Open-Access: This article is an open-access article that was selected by an in-house editor and fully peer-reviewed by external reviewers. It is distributed in accordance with the Creative Commons Attribution NonCommercial (CC BY-NC 4.0) license, which permits others to distribute, remix, adapt, build upon this work non-commercially, and license their derivative works on different terms, provided the original work is properly cited and the use is non-commercial. See: https://creativecommons.org/Licenses/by-nc/4.0/

Corresponding author: Xiao-Ping Pan, MD, Doctor, Department of Interventional Radiology, Inner Mongolia International Mongolian Hospital, No. 83 University East Street, Hohhot 016000, Inner Mongolia Autonomous Region, China. xiongmi7122504@163.com

Received: April 26, 2023
Peer-review started: April 26, 2023
First decision: June 15, 2023
Revised: June 16, 2023
Accepted: July 17, 2023
Article in press: July 17, 2023
Published online: August 15, 2023
Processing time: 106 Days and 6.3 Hours

ARTICLE HIGHLIGHTS

Research background

Hepatocellular carcinoma (HCC) is one of the most malignant cancer types with high morbidity and mortality.

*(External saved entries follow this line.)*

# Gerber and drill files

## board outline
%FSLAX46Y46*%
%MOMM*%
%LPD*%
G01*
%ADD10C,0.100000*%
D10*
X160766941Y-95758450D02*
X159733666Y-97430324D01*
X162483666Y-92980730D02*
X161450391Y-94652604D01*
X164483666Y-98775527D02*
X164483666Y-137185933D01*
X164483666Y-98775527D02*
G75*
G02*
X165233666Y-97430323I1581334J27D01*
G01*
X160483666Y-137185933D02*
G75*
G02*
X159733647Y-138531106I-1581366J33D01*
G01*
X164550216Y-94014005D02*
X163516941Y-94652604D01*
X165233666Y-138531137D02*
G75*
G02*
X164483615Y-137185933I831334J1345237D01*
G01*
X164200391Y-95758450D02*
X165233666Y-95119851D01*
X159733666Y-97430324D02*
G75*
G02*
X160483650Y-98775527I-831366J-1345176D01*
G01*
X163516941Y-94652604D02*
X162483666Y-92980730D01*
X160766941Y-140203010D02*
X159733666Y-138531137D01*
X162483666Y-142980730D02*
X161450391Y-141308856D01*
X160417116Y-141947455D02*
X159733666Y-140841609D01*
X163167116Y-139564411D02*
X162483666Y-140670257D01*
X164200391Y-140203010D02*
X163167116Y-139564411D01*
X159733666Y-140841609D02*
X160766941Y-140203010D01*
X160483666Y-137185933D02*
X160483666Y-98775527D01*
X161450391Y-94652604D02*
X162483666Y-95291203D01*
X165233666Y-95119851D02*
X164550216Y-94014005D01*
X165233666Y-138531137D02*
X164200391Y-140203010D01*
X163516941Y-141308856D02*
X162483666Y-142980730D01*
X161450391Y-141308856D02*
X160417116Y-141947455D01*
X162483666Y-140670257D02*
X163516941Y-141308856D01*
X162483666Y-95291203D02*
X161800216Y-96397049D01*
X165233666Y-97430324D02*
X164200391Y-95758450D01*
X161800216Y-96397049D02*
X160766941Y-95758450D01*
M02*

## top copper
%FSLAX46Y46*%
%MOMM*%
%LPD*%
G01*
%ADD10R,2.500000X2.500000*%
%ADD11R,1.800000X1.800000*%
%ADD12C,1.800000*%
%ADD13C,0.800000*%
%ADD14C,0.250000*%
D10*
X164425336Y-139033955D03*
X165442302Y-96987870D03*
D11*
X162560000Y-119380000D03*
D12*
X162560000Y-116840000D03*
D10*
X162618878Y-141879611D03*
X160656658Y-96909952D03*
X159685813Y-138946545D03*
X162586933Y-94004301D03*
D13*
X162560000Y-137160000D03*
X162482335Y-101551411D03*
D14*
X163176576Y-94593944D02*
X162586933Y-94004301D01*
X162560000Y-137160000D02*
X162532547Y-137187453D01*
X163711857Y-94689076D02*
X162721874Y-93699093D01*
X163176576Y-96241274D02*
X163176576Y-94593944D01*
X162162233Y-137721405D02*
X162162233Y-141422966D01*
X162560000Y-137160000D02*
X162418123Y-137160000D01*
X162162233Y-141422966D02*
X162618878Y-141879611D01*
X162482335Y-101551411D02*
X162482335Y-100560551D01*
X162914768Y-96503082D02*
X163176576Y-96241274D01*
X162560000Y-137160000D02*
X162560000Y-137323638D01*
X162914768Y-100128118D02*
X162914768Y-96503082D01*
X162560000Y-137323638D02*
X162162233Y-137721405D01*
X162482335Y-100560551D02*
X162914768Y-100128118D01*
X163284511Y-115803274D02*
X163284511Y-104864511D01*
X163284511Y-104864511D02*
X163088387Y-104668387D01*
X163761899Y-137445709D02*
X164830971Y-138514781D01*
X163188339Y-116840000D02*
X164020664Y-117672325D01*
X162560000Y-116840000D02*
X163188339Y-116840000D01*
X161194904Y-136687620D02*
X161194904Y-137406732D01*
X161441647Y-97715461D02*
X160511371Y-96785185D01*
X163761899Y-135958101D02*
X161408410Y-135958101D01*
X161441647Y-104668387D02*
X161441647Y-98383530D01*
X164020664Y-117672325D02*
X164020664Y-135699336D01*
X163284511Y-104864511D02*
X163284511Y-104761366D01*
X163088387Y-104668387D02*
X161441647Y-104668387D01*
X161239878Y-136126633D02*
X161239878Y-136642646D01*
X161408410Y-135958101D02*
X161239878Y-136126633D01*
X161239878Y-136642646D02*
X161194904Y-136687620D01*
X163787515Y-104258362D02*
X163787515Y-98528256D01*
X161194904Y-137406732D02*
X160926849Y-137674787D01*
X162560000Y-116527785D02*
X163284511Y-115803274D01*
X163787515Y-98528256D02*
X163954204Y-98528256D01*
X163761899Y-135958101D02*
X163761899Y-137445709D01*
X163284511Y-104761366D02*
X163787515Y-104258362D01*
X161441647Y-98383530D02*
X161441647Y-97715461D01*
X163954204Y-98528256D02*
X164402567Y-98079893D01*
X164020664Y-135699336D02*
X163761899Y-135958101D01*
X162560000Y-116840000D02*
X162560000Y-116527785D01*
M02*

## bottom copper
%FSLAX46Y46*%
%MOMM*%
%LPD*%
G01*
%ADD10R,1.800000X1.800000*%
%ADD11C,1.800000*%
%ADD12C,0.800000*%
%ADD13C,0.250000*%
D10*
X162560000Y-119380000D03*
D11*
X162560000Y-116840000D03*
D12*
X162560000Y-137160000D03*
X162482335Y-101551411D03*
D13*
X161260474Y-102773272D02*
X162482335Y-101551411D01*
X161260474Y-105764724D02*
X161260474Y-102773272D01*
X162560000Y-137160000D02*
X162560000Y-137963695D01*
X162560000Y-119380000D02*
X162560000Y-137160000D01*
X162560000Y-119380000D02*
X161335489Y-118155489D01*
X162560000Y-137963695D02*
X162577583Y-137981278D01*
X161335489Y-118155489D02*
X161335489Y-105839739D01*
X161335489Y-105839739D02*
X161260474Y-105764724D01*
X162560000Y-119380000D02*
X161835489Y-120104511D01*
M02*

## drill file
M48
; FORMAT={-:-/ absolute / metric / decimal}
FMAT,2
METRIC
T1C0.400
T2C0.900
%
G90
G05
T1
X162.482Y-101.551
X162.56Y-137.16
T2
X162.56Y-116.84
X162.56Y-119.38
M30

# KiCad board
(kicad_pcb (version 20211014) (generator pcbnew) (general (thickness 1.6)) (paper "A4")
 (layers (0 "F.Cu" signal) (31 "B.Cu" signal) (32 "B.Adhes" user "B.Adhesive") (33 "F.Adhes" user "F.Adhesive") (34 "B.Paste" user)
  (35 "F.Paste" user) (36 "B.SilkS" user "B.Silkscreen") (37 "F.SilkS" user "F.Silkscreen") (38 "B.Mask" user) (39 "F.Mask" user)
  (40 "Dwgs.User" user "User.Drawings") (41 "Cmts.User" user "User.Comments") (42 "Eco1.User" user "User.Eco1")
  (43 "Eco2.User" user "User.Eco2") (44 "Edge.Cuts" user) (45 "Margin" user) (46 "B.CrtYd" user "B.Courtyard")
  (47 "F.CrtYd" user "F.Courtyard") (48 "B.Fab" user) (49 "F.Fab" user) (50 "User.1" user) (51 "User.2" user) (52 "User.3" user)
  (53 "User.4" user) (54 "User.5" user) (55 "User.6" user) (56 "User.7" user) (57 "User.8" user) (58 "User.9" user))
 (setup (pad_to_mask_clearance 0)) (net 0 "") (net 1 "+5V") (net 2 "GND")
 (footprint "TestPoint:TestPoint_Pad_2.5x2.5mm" (layer "F.Cu") (at 164.425336 139.033955)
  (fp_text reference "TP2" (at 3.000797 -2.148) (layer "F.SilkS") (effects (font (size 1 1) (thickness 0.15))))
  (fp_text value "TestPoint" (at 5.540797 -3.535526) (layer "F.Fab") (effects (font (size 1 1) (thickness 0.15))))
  (pad "1" smd rect (at 0 0) (size 2.5 2.5) (layers "F.Cu" "F.Mask") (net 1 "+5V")))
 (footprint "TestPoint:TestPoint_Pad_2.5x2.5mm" (layer "F.Cu") (at 165.442302 96.98787)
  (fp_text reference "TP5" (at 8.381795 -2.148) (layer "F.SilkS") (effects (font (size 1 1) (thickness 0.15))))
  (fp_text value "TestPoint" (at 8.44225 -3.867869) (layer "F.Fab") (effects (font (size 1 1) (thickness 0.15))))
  (pad "1" smd rect (at 0 0) (size 2.5 2.5) (layers "F.Cu" "F.Mask") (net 1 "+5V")))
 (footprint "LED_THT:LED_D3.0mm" (layer "F.Cu") (at 162.56 119.38 90)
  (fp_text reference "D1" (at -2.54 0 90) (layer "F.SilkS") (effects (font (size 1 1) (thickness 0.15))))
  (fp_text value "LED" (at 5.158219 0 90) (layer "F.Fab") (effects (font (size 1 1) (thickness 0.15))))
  (pad "1" thru_hole rect (at 0 0 90) (size 1.8 1.8) (drill 0.9) (layers *.Cu *.Mask) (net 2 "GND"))
  (pad "2" thru_hole circle (at 2.54 0 90) (size 1.8 1.8) (drill 0.9) (layers *.Cu *.Mask) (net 1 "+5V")))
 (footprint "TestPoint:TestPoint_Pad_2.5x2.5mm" (layer "F.Cu") (at 162.618878 141.879611)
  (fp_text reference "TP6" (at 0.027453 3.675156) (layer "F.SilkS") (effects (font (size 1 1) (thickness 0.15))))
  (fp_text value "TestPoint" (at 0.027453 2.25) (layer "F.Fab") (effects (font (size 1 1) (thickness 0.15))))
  (pad "1" smd rect (at 0 0) (size 2.5 2.5) (layers "F.Cu" "F.Mask") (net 2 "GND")))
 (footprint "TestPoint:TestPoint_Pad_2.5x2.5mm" (layer "F.Cu") (at 160.656658 96.909952)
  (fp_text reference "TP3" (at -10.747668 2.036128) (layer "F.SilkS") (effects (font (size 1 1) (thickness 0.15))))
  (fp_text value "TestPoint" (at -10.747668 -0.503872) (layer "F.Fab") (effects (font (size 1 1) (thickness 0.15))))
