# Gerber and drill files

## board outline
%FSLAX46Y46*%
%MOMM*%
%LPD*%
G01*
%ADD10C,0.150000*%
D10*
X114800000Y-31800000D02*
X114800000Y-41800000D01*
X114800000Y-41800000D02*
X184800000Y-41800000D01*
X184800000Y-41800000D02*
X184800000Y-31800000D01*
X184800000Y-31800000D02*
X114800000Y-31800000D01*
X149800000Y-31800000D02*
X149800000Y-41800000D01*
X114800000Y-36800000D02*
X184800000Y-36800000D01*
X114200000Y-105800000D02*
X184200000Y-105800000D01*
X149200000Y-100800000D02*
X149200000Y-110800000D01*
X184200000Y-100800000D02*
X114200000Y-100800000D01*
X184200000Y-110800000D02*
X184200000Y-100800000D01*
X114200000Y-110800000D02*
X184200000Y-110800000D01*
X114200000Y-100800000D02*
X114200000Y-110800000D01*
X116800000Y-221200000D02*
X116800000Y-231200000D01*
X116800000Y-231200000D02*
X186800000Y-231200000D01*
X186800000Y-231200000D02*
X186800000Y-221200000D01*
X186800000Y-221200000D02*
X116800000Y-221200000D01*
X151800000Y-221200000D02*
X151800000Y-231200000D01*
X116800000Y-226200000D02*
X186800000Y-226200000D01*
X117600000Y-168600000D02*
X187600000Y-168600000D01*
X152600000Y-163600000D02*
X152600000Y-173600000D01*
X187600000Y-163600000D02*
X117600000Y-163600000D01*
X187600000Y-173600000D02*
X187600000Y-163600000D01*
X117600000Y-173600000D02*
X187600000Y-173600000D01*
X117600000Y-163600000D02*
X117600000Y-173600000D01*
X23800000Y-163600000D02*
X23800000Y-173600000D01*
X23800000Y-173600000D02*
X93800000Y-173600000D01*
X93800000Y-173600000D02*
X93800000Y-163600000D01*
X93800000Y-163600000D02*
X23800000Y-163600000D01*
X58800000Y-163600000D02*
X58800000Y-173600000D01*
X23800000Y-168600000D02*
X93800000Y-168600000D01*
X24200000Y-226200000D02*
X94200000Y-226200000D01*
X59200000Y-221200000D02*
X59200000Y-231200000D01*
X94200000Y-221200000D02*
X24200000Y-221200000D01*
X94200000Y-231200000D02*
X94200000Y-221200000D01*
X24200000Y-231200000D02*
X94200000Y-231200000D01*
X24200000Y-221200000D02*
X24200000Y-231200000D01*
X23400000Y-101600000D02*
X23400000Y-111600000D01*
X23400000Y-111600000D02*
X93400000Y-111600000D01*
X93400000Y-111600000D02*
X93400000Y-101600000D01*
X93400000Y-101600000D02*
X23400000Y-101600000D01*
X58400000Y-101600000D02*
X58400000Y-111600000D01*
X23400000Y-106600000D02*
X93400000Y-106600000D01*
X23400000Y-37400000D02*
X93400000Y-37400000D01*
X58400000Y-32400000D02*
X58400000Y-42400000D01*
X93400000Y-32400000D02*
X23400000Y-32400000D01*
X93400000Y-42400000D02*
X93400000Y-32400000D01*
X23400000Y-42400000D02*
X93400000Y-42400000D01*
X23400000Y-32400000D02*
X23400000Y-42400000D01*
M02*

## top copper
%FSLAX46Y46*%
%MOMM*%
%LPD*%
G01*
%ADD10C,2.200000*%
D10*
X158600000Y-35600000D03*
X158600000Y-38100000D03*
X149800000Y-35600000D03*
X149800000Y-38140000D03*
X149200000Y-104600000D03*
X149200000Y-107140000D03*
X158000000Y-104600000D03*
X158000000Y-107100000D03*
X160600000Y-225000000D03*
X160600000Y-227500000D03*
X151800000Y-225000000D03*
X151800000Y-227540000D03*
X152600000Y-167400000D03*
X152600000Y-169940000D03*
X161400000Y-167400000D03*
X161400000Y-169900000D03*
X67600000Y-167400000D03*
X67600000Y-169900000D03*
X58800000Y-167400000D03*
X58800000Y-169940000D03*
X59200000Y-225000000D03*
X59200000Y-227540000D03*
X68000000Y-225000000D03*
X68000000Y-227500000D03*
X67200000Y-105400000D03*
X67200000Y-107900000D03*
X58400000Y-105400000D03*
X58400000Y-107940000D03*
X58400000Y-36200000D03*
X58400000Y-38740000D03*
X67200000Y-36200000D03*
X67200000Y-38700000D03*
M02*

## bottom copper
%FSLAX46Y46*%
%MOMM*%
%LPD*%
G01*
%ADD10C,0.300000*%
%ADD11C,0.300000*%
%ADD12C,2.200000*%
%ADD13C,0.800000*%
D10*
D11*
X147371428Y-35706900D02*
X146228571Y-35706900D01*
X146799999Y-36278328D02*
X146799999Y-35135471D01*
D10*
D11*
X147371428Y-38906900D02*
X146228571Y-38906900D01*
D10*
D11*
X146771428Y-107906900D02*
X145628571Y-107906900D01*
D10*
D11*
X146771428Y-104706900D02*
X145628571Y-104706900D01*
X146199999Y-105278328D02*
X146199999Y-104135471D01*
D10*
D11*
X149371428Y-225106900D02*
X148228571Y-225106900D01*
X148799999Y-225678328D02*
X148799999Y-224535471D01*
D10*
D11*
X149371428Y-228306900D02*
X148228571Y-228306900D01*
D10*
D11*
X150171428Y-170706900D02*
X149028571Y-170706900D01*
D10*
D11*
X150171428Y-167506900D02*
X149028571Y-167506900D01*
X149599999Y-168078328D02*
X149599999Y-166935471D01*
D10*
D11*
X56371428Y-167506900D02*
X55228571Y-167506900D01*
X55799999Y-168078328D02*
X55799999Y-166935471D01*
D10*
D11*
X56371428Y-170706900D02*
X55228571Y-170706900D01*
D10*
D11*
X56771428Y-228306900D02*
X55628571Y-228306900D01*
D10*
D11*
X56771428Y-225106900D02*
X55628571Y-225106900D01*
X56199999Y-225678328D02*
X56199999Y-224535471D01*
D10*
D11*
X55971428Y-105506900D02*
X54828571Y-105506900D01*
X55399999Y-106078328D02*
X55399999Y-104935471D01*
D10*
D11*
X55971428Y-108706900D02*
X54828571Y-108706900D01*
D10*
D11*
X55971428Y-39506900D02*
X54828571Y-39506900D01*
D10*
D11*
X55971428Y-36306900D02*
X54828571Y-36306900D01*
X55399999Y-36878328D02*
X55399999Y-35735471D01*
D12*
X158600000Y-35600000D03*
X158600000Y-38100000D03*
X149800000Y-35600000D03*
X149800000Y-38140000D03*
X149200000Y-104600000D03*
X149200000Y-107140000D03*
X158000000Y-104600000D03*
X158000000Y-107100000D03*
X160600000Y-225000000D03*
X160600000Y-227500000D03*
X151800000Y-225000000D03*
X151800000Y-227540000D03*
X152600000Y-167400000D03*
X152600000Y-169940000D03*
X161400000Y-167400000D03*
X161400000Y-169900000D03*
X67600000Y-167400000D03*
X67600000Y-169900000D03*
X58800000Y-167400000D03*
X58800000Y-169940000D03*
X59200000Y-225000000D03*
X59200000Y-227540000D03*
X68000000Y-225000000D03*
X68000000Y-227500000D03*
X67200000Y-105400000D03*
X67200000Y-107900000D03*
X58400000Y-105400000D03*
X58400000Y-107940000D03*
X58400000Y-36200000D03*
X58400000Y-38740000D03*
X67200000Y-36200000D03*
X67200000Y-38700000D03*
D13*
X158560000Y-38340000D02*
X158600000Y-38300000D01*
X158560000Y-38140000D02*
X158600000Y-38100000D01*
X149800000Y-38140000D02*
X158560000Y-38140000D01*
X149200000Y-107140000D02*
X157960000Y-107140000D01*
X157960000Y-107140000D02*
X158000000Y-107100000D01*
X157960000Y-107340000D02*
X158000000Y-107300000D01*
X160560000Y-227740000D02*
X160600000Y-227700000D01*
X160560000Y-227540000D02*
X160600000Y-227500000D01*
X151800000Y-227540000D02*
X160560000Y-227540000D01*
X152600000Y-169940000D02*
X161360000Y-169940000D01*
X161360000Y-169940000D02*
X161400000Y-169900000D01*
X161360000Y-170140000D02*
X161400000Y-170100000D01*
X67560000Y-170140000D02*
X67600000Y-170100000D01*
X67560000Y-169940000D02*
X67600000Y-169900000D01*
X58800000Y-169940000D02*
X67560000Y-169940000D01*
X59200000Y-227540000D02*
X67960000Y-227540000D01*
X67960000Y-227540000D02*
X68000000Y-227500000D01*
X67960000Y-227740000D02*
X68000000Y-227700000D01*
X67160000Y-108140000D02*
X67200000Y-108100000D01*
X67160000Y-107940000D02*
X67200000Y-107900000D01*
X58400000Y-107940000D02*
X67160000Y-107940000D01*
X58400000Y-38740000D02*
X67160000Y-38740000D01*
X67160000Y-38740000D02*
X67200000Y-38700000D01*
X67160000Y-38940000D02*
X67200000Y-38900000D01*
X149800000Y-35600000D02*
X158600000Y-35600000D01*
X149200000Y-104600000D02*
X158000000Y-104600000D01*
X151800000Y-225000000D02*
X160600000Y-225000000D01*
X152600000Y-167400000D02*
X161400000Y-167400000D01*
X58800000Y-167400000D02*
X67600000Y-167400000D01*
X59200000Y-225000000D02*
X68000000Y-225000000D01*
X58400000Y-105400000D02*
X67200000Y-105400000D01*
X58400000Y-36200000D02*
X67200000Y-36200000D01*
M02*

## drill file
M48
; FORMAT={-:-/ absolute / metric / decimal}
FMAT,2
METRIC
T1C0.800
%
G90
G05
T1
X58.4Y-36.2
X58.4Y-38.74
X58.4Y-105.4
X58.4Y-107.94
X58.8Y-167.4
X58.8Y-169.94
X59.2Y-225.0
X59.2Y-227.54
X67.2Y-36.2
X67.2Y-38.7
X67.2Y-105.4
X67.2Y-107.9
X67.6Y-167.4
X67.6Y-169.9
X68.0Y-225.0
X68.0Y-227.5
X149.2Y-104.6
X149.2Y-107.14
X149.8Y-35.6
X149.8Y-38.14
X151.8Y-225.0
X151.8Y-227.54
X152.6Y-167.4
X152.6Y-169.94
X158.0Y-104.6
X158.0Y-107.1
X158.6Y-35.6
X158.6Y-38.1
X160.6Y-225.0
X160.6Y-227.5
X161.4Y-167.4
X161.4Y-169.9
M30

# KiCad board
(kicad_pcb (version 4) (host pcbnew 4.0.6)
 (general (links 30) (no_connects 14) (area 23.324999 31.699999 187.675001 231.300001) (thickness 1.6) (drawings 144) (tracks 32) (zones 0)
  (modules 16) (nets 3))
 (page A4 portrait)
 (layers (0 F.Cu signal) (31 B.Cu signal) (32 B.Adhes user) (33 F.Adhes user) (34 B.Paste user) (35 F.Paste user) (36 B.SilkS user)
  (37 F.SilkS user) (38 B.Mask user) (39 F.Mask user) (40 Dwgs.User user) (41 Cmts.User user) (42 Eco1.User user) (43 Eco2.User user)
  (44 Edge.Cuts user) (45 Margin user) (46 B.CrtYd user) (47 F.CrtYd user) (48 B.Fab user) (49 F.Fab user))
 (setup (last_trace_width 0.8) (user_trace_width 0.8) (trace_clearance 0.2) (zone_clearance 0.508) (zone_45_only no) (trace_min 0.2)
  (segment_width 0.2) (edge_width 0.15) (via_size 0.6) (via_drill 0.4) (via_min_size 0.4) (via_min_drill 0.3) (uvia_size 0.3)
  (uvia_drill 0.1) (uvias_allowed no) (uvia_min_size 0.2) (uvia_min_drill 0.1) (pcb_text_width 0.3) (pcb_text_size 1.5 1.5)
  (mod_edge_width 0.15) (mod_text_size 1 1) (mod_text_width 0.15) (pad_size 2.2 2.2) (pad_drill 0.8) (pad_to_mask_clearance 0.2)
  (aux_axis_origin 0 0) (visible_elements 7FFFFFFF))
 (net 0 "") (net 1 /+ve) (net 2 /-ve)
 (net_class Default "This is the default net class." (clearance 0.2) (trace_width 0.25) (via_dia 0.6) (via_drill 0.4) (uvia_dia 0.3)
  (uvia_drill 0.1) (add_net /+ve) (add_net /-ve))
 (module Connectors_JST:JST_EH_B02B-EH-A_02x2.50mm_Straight (layer F.Cu) (at 158.6 35.6 270)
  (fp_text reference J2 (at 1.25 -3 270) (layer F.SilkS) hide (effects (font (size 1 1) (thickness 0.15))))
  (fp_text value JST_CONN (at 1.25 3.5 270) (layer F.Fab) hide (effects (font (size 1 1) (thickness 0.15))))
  (pad 1 thru_hole circle (at 0 0 270) (size 2.2 2.2) (drill 0.8) (layers *.Cu *.Mask) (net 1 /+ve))
  (pad 2 thru_hole circle (at 2.5 0 270) (size 2.2 2.2) (drill 0.8) (layers *.Cu *.Mask) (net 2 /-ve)))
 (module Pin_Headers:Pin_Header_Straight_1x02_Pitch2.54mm (layer F.Cu) (at 149.8 35.6)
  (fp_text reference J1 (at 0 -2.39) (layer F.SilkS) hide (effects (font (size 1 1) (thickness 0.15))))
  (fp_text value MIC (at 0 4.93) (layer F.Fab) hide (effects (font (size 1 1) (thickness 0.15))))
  (pad 1 thru_hole circle (at 0 0) (size 2.2 2.2) (drill 0.8) (layers *.Cu *.Mask) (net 1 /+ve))
  (pad 2 thru_hole circle (at 0 2.54) (size 2.2 2.2) (drill 0.8) (layers *.Cu *.Mask) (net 2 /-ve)))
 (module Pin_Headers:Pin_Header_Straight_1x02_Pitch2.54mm (layer F.Cu) (at 149.2 104.6)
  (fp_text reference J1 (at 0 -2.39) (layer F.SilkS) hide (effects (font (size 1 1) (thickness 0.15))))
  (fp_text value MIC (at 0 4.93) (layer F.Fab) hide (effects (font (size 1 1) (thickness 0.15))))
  (pad 1 thru_hole circle (at 0 0) (size 2.2 2.2) (drill 0.8) (layers *.Cu *.Mask) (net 1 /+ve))
  (pad 2 thru_hole circle (at 0 2.54) (size 2.2 2.2) (drill 0.8) (layers *.Cu *.Mask) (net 2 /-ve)))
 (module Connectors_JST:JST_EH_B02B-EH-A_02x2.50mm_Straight (layer F.Cu) (at 158 104.6 270)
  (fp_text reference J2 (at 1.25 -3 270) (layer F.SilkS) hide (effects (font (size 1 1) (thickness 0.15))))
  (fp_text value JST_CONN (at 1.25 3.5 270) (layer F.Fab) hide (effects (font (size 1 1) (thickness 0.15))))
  (pad 1 thru_hole circle (at 0 0 270) (size 2.2 2.2) (drill 0.8) (layers *.Cu *.Mask) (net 1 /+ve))
  (pad 2 thru_hole circle (at 2.5 0 270) (size 2.2 2.2) (drill 0.8) (layers *.Cu *.Mask) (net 2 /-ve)))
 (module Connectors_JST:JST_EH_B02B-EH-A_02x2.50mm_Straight (layer F.Cu) (at 160.6 225 270)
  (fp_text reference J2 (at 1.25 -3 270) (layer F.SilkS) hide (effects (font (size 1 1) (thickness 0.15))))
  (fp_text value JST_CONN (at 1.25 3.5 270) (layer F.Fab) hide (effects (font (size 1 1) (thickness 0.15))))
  (pad 1 thru_hole circle (at 0 0 270) (size 2.2 2.2) (drill 0.8) (layers *.Cu *.Mask) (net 1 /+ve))
  (pad 2 thru_hole circle (at 2.5 0 270) (size 2.2 2.2) (drill 0.8) (layers *.Cu *.Mask) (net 2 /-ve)))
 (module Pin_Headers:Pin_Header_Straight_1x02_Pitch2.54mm (layer F.Cu) (at 151.8 225)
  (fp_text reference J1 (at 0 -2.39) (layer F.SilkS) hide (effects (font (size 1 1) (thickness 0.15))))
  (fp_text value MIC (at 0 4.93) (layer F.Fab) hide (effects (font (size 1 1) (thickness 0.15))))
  (pad 1 thru_hole circle (at 0 0) (size 2.2 2.2) (drill 0.8) (layers *.Cu *.Mask) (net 1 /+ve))
  (pad 2 thru_hole circle (at 0 2.54) (size 2.2 2.2) (drill 0.8) (layers *.Cu *.Mask) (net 2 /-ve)))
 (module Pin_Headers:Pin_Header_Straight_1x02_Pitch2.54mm (layer F.Cu) (at 152.6 167.4)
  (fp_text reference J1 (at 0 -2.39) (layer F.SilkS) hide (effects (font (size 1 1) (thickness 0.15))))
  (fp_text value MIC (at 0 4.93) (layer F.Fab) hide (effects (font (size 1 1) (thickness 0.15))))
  (pad 1 thru_hole circle (at 0 0) (size 2.2 2.2) (drill 0.8) (layers *.Cu *.Mask) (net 1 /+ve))
  (pad 2 thru_hole circle (at 0 2.54) (size 2.2 2.2) (drill 0.8) (layers *.Cu *.Mask) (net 2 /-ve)))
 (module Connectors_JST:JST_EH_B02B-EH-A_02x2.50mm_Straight (layer F.Cu) (at 161.4 167.4 270)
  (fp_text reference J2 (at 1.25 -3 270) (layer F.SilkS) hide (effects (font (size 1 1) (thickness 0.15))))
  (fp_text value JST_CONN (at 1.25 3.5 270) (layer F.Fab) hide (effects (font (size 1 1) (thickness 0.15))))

Currently, patients with advanced HCC usually receive systemic local treatment with ablation or external irradiation along with sorafenib. Resistance to sorafenib has become a challenge in clinical treatment of HCC.

Research motivation

Physcion is a common bioactive anthraquinone that is a potential anticancer agent that has been reported to regulate multiple intracellular signaling pathways via targeting protein kinases, cell cycle, transcriptional factors, miRNAs, and apoptosis-related proteins. The excessive glycolysis of cancer cells compared with normal cells, named as Warburg effect, is a major characteristic of cancer and play a critical role in cancer initiation and development.

Research objectives

This work aimed to study the effect of physcion on glycolysis metabolism and sensitizing the HCC cells to sorafenib.

Research methods

Sorafenib-resistant HCC cells were established and treated with sorafenib and/or physcion. The cell viability, proliferation, and apoptosis were measured by cell counting kit-8, colony formation, flow cytometry, and in vivo xenograft model. Glucose uptake, lactate acid production, extracellular acidification rate (ECAR), and oxygen consumption rate (OCR) were measured to analyze glycolysis. Expression of glycolysis-related regulators was assessed by western blotting assay.

Research results

The addition of physcion significantly enhanced the antitumor effects of sorafenib on sorafenib-resistant HCC cells, manifested by enhanced apoptosis and suppressed cell growth. The glucose uptake, lactate acid production, and ECAR were elevated, and OCR was suppressed under physcion treatment. The level of PIM1 was elevated and miR-370 was suppressed in sorafenib-resistant HCC cells compared with the parental cells, which was suppressed by physcion treatment. Inhibition of miR-370 notably reversed the effects of physcion on sorafenib-resistant HCC cells.

Research conclusions

Physcion enhanced the sensitivity of HCC cells to sorafenib via enhancing miR-370 to suppress PIM1-promoted glycolysis.

Research perspectives

As a potential anticancer agent, physcion possibly enhances sensitivity in other therapy resistance. Based on the multiple cellular processes that are regulated by physcion, it is possible that PIM1-regulated glycolysis may not be the only mechanism underlying sorafenib sensitivity. Further studies such as high-throughput sequencing analysis may be conducted to explore the comprehensive and in-depth effects of physcion in cancer.